The Aspen Seminar And The Value of Self-Reflection

August 14, 2018

Azul Cimerman Sariego, an MBA student at Saïd Business School, looks back on a seminar run by the Aspen Institute and how learning to lett her guard down is helping her grow as a leader.

My main objective for studying the MBA was to give myself the opportunity to benefit from a time of self-reflection and introspection. As counterintuitive as it may seem, coping with the fast pace of an MBA programme makes the real you, your strengths and your weaknesses come to the surface. I do not underestimate the impact that my MBA classmates had on my self-reflection. Over the course of the last year, I was deeply inspired by my classmates’ strong morals, sense of service and advocacy and in awe at the sense of self that sustained them operating relentlessly towards these values. I was perhaps not vocal enough about pointing out such admirable traits to each of them over the course of the year, but I can confidently say that I can think of at least one amazing thing about each one of my MBA classmates. The conversations that I had with them, often within the context of formal dinners in Oxford’s awe-inspiring dining halls, were moments of enlightenment and learning that I feel so fortunate to have experienced. 
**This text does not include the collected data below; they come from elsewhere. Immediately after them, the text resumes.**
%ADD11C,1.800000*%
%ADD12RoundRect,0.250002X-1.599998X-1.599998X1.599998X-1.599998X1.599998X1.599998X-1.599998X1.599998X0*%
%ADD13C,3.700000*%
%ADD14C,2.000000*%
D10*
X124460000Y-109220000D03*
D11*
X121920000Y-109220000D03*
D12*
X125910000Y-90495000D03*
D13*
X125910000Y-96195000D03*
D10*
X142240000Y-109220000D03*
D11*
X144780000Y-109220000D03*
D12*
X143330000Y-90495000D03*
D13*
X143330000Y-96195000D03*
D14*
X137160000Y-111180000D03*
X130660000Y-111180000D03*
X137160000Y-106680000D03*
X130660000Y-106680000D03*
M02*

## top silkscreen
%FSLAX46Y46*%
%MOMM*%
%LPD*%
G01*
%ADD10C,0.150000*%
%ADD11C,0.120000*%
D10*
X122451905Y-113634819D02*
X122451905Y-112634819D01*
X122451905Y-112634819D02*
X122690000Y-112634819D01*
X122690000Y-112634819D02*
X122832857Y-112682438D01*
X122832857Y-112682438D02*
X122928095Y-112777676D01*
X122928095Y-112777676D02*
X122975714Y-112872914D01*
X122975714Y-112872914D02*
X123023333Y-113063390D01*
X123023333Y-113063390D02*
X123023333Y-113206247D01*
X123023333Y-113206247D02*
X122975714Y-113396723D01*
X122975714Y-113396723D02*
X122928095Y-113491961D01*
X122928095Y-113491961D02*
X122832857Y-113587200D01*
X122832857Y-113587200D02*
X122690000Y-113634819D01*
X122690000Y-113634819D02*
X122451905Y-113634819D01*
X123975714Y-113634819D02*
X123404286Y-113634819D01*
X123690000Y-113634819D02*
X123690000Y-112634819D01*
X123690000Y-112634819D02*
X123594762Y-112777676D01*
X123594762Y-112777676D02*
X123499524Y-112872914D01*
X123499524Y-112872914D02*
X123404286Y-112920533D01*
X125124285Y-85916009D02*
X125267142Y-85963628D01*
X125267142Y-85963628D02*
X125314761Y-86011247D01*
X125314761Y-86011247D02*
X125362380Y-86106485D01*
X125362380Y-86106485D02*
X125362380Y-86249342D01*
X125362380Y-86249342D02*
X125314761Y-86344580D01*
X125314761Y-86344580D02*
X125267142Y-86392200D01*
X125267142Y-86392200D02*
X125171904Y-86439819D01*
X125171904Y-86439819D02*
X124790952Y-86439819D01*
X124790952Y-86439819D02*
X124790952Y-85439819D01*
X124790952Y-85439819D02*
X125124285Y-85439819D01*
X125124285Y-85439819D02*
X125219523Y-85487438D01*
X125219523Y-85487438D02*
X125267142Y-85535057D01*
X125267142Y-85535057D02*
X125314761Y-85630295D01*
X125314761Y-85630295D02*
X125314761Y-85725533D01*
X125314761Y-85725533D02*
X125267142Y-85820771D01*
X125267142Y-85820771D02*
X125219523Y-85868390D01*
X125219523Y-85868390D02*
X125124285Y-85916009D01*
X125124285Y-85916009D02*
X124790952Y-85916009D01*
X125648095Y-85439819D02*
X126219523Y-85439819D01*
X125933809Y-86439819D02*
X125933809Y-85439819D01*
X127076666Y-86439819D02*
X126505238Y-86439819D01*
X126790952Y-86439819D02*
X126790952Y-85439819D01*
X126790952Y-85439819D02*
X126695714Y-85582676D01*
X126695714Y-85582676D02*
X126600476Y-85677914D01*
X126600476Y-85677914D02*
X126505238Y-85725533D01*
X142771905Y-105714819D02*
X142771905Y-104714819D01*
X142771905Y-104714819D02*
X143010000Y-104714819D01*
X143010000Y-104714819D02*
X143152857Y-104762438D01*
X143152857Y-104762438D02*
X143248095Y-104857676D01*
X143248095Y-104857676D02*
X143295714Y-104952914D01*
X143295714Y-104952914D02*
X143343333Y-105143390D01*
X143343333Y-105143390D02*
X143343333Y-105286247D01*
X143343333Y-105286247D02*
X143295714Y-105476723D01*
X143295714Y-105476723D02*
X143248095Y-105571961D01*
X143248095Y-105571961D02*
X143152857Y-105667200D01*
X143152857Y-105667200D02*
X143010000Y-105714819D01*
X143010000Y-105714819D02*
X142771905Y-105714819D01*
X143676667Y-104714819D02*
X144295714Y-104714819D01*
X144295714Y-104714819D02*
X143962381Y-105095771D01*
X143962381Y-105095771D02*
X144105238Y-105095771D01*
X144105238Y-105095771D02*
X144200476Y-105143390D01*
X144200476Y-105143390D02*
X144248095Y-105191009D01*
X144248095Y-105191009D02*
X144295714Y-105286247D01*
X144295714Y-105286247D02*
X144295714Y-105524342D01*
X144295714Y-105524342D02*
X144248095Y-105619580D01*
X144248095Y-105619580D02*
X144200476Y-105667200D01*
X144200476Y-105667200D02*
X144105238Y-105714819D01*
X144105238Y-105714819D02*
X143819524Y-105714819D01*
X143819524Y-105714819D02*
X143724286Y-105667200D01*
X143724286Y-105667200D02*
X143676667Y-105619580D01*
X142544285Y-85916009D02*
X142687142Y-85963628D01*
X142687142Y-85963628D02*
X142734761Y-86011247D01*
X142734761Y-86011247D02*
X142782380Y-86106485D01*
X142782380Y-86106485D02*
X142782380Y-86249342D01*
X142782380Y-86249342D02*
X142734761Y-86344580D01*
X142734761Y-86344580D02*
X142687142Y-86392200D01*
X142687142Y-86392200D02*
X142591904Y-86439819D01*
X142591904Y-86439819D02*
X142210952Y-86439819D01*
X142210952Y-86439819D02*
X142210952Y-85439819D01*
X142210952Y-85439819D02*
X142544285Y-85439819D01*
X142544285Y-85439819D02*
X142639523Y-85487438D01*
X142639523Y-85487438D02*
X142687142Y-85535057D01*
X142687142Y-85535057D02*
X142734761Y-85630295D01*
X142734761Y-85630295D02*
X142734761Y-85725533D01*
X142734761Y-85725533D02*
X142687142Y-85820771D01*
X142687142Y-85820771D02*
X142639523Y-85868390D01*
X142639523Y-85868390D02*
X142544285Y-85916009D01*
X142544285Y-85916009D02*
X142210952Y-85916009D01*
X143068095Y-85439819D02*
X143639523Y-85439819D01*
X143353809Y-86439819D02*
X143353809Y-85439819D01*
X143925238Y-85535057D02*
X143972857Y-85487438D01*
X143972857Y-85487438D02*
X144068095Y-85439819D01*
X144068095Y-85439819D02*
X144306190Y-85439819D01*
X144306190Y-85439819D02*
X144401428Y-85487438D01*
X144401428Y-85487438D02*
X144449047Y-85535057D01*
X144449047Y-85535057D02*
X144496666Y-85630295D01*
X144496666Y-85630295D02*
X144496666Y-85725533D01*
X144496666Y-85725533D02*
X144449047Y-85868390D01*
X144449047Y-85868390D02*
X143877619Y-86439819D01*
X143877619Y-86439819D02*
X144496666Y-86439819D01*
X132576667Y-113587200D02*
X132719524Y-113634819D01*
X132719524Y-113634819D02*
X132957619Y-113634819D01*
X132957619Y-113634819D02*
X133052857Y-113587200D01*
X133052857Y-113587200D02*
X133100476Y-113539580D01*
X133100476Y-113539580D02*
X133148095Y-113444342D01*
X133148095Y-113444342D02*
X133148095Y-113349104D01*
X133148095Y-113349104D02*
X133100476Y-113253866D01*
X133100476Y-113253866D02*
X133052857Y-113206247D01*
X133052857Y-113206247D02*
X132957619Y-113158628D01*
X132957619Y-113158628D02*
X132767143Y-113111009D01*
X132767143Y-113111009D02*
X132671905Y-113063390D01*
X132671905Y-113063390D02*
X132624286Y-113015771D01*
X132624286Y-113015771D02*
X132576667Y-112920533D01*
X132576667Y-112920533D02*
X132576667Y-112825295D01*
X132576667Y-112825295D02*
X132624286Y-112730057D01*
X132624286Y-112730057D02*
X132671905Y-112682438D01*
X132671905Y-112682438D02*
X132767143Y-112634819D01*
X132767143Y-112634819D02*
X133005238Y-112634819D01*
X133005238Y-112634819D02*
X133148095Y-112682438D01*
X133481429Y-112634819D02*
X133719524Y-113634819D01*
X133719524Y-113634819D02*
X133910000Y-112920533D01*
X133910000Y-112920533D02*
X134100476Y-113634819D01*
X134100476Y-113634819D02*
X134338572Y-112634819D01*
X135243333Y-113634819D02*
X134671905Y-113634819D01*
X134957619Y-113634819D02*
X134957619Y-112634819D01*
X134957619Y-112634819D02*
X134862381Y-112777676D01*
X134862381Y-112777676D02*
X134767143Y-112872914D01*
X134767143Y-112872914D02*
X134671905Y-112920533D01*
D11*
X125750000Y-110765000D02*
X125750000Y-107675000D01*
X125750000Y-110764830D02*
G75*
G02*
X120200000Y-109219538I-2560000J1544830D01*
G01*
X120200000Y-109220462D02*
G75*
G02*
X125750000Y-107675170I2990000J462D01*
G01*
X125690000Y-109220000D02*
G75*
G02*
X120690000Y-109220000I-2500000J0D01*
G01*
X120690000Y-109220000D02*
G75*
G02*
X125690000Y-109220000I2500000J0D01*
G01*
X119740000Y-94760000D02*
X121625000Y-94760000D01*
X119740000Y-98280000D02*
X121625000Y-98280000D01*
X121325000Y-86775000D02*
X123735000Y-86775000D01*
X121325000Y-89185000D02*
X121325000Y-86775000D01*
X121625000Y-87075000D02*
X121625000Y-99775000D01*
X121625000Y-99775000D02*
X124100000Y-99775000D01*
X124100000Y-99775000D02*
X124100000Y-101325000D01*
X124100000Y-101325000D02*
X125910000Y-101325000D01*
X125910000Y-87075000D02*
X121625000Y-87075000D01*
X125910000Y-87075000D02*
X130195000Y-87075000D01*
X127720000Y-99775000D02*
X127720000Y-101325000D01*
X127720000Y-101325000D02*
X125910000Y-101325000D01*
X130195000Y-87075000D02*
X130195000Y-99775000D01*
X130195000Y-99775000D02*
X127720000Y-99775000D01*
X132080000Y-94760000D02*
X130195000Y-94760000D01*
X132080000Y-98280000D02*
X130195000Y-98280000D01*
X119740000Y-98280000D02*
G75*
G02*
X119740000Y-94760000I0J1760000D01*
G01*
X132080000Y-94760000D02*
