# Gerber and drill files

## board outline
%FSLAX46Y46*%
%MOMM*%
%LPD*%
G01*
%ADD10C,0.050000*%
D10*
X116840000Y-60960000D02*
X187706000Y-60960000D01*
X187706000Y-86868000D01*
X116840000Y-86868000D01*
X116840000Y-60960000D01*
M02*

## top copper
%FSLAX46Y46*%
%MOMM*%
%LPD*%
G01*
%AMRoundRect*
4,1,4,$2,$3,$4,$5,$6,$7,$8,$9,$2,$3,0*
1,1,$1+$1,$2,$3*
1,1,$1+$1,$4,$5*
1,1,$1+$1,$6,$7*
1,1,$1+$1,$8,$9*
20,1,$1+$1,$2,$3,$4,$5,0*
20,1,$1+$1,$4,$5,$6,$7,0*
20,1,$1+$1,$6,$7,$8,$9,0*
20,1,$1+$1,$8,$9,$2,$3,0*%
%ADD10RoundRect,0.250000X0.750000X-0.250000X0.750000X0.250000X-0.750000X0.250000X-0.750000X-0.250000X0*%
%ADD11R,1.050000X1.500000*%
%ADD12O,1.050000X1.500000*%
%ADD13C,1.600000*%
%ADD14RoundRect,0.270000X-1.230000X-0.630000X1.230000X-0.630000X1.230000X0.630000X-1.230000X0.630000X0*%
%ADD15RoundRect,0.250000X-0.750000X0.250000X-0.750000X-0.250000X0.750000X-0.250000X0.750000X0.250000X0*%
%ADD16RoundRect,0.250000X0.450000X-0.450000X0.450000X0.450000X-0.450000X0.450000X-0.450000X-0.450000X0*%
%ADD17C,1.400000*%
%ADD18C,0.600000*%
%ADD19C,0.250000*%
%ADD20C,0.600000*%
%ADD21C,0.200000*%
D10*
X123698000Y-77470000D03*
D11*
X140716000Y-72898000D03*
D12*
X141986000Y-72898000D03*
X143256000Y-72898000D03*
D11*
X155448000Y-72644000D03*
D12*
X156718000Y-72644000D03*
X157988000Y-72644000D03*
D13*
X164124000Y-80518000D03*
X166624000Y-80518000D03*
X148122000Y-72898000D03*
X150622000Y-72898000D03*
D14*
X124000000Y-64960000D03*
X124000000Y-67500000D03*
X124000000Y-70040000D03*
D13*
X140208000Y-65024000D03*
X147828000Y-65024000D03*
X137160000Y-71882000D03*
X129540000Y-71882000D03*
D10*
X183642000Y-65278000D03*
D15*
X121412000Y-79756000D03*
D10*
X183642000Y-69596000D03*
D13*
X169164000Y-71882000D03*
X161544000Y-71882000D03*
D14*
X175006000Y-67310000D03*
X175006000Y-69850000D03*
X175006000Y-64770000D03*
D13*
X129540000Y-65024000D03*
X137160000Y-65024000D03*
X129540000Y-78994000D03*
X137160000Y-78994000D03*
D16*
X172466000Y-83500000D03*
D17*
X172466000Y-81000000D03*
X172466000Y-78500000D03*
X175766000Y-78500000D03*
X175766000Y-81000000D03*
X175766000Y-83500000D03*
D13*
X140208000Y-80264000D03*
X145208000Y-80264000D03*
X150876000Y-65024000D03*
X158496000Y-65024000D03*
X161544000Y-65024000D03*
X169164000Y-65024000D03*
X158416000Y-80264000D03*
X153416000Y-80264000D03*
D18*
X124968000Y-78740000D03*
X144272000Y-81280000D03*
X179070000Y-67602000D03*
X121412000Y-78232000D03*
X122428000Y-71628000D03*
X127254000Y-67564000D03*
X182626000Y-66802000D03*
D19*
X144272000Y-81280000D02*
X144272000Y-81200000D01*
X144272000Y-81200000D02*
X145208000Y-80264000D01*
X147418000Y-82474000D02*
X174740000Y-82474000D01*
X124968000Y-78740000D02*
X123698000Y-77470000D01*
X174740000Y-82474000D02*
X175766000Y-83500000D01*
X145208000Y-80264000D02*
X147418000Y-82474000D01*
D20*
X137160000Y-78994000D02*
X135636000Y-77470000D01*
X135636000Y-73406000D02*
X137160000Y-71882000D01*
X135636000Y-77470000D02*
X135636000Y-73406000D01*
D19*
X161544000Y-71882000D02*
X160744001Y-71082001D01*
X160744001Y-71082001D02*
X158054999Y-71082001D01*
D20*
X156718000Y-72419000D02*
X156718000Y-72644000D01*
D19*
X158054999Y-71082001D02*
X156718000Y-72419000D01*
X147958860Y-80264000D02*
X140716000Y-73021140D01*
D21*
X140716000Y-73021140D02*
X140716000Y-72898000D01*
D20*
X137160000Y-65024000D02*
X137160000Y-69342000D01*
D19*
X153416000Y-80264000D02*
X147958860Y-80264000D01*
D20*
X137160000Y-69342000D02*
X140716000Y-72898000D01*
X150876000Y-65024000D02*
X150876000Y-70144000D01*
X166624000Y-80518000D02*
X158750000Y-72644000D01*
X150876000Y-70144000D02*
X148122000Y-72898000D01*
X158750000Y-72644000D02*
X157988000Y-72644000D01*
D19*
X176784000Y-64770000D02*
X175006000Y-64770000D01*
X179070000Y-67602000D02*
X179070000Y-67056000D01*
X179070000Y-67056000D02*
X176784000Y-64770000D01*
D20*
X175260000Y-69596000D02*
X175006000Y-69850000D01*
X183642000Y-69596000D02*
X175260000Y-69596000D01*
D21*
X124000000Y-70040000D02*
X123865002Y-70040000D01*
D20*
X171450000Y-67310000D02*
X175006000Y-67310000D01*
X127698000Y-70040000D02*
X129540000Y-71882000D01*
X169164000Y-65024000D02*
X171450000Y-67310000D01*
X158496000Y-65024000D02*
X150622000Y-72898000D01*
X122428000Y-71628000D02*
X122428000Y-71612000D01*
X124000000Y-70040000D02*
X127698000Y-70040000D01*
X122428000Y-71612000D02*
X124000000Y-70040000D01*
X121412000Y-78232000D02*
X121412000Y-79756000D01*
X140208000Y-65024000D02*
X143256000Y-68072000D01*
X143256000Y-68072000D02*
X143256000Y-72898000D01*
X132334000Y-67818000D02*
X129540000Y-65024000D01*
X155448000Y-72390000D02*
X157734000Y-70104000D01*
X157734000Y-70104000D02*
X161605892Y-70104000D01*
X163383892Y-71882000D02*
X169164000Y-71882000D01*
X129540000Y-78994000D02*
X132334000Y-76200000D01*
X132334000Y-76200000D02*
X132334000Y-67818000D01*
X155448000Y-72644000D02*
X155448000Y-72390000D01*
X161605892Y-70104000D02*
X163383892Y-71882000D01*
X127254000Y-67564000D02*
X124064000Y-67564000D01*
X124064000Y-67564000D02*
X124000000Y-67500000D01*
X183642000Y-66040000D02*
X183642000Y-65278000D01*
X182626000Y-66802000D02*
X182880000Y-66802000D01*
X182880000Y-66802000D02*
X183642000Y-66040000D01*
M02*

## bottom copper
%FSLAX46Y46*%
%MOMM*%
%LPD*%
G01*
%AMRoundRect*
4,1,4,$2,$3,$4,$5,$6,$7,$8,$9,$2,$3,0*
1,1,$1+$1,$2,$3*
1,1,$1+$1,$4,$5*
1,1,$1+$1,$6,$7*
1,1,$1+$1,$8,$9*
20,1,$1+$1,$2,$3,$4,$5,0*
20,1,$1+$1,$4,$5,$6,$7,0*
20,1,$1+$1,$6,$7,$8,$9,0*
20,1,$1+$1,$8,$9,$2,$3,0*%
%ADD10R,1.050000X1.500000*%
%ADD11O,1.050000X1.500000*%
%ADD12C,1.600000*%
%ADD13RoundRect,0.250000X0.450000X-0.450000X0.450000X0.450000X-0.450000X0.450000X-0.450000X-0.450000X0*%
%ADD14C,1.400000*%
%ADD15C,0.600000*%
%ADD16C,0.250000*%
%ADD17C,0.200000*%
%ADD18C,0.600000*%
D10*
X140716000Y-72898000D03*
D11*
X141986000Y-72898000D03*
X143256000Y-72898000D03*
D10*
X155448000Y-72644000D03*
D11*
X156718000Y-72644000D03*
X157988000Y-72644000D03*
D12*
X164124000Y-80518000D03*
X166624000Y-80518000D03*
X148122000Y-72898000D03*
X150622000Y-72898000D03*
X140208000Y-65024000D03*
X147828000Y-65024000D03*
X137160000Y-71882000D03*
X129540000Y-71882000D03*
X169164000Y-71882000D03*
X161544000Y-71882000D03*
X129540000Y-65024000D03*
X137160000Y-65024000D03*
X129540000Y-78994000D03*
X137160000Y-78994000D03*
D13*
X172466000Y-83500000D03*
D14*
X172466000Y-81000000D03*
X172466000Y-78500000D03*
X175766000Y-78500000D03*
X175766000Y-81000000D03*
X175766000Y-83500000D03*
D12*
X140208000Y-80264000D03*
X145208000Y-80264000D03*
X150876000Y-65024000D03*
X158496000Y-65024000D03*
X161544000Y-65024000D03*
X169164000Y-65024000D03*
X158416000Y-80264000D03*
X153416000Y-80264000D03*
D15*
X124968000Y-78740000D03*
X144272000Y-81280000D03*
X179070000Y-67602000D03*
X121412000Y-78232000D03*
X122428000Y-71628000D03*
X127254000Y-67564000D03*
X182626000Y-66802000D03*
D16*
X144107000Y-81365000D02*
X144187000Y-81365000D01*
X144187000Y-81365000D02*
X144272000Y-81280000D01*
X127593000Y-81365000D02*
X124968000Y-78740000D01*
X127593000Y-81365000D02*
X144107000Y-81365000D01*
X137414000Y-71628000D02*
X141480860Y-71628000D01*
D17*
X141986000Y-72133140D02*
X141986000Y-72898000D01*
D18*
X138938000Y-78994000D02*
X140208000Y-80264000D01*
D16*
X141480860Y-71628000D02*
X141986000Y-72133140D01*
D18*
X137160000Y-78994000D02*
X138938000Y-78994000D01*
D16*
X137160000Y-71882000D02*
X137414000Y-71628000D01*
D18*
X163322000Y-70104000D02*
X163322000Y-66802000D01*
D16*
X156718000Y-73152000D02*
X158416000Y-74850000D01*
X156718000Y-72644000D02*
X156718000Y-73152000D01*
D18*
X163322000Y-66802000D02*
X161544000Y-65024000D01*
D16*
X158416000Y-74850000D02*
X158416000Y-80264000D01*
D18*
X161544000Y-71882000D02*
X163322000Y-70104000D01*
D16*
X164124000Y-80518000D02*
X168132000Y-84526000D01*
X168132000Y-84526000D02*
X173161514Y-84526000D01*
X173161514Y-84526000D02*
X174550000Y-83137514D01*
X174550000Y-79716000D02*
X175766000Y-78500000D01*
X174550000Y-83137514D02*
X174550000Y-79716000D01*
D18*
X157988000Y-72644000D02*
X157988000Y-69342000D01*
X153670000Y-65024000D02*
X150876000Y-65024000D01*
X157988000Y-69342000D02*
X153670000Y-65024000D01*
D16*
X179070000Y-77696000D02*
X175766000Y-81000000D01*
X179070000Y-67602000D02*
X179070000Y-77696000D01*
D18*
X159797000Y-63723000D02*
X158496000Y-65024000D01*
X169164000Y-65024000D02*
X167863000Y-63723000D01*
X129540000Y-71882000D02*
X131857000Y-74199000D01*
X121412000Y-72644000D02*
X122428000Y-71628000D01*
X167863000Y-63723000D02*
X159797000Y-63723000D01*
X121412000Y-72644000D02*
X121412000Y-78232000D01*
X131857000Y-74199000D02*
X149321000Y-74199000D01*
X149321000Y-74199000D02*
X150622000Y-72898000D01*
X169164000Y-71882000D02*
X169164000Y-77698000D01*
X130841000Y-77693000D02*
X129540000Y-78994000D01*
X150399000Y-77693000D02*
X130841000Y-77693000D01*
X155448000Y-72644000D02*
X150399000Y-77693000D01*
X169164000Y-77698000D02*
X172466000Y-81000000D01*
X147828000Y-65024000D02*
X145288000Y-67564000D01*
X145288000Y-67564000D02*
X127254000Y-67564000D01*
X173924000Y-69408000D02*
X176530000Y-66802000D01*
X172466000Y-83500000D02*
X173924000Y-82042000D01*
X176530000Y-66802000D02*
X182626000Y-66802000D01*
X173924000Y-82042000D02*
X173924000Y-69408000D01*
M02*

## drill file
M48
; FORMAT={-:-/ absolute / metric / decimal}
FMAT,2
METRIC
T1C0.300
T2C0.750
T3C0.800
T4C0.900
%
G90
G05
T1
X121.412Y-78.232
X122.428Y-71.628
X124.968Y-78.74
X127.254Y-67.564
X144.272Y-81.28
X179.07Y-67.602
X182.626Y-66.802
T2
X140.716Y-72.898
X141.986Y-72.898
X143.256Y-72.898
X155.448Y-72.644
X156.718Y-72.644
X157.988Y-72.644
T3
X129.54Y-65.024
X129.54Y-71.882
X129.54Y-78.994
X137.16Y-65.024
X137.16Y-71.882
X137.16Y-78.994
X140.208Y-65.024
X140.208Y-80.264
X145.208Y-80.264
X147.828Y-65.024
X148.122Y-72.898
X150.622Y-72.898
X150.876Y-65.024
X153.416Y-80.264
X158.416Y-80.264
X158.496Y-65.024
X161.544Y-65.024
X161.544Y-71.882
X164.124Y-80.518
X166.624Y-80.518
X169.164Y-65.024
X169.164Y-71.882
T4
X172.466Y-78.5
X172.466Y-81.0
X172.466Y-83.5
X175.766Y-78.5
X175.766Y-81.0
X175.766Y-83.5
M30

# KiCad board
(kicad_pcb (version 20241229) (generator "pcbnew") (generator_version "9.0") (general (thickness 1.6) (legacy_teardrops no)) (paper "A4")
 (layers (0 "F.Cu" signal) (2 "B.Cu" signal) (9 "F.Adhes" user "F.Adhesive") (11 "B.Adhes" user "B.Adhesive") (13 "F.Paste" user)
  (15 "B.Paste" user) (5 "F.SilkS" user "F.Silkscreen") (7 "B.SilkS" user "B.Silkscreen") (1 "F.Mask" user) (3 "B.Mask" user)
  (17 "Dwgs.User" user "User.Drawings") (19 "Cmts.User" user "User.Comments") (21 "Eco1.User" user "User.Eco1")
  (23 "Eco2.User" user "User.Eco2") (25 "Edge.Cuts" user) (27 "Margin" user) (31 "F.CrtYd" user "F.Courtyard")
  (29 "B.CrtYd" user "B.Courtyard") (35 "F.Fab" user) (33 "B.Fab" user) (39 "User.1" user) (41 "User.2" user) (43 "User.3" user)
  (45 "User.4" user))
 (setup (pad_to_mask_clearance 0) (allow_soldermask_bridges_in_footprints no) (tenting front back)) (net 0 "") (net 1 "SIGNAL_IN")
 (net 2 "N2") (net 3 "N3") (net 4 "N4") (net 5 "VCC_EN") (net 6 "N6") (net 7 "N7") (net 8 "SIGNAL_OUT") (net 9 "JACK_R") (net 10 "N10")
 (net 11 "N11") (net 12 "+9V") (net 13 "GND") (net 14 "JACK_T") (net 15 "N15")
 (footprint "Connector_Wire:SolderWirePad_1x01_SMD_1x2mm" (layer "F.Cu") (at 123.698 77.47 90)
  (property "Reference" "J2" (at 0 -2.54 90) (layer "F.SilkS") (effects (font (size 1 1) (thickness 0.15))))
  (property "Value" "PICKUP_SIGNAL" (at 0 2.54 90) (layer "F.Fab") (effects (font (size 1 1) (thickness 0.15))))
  (pad "1" smd roundrect (at 0 0 90) (size 1 2) (layers "F.Cu" "F.Mask" "F.Paste") (roundrect_rratio 0.25) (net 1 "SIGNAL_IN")))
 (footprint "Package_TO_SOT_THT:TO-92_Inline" (layer "F.Cu") (at 140.716 72.898)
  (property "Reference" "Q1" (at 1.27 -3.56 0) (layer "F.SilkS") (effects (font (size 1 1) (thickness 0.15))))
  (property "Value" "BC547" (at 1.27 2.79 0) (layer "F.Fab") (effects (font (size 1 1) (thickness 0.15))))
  (pad "1" thru_hole rect (at 0 0) (size 1.05 1.5) (drill 0.75) (layers "*.Cu" "*.Mask") (remove_unused_layers no) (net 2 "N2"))
  (pad "2" thru_hole oval (at 1.27 0) (size 1.05 1.5) (drill 0.75) (layers "*.Cu" "*.Mask") (remove_unused_layers no) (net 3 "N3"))
  (pad "3" thru_hole oval (at 2.54 0) (size 1.05 1.5) (drill 0.75) (layers "*.Cu" "*.Mask") (remove_unused_layers no) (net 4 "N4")))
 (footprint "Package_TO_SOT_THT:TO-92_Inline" (layer "F.Cu") (at 155.448 72.644)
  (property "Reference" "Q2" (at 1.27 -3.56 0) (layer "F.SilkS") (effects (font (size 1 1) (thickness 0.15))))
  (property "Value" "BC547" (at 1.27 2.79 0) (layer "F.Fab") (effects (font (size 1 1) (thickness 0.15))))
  (pad "1" thru_hole rect (at 0 0) (size 1.05 1.5) (drill 0.75) (layers "*.Cu" "*.Mask") (remove_unused_layers no) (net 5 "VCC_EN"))
  (pad "2" thru_hole oval (at 1.27 0) (size 1.05 1.5) (drill 0.75) (layers "*.Cu" "*.Mask") (remove_unused_layers no) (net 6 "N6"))
  (pad "3" thru_hole oval (at 2.54 0) (size 1.05 1.5) (drill 0.75) (layers "*.Cu" "*.Mask") (remove_unused_layers no) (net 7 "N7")))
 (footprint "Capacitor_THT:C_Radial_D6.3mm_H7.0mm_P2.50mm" (layer "F.Cu") (at 164.124 80.518)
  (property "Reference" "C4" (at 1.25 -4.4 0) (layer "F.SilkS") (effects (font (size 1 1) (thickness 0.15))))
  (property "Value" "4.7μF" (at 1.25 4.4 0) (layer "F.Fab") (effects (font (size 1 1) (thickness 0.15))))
Self-introspection rose to a new level for me when I was invited to take part in Oxford’s inaugural Aspen Leadership Seminar, organised by Oxford Saïd. Aspen seminars are built on the premise that we cannot lead others without knowing how to lead ourselves and that good societies are built from good leadership which in turn requires the solid self-awareness of those who lead. As a School with a very diverse population and an emphasis on business that does well whilst doing good, Oxford Saïd seemed like the perfect environment for this dialogue. It was also the first offering of our school to the member schools of the Global Network for Advanced Management, which Oxford joined recently. 

I approached the preparation for the Aspen seminar with a mixture of excitement and suspicion. Aspen seminars are text-based discussions, in Socratic style with an intimate group of diverse people. In preparation, we were given readers with texts with authors as wide ranging as Chekhov, Aristotle and Mukerjee. The variety of topics made me wonder what to expect and how this would all tie up as a 20-person discussion. We were told to not be daunted by the complexity of the texts and to enjoy the journey of discovery. The diversity of the authors and writing styles was a breath of fresh air after a year immersed in Harvard Business School cases, whilst the common themes of authors as wide ranging as Plato to Le Guin proved to me that self-reflection is a deeply intrinsic endeavour of the curious human mind. 

During the seminar, I understood what a gift it is to truly take time to reflect. In an era of speed and agility, we forget that reflection is an endeavour that rewards the patient. Socratic discussion facilitated this as it involves wrestling with conflicting ideas before reaching a conclusion (if one is ever reached). In an era of digital communication, conversation and discussion were a powerful tool in the quest of introspection. Although reflection is sometimes perceived as an intimate activity, I realised the value there is in reflecting with a group of diverse people. In my case, my cohort had representation from fifteen business schools of the Global Network and I was awestruck realising how even, after the first discussion, we were no longer strangers. Over the course of the seminar, the highly intimate environment allowed our cohort to open up further, to share, to be vulnerable and to ask difficult questions.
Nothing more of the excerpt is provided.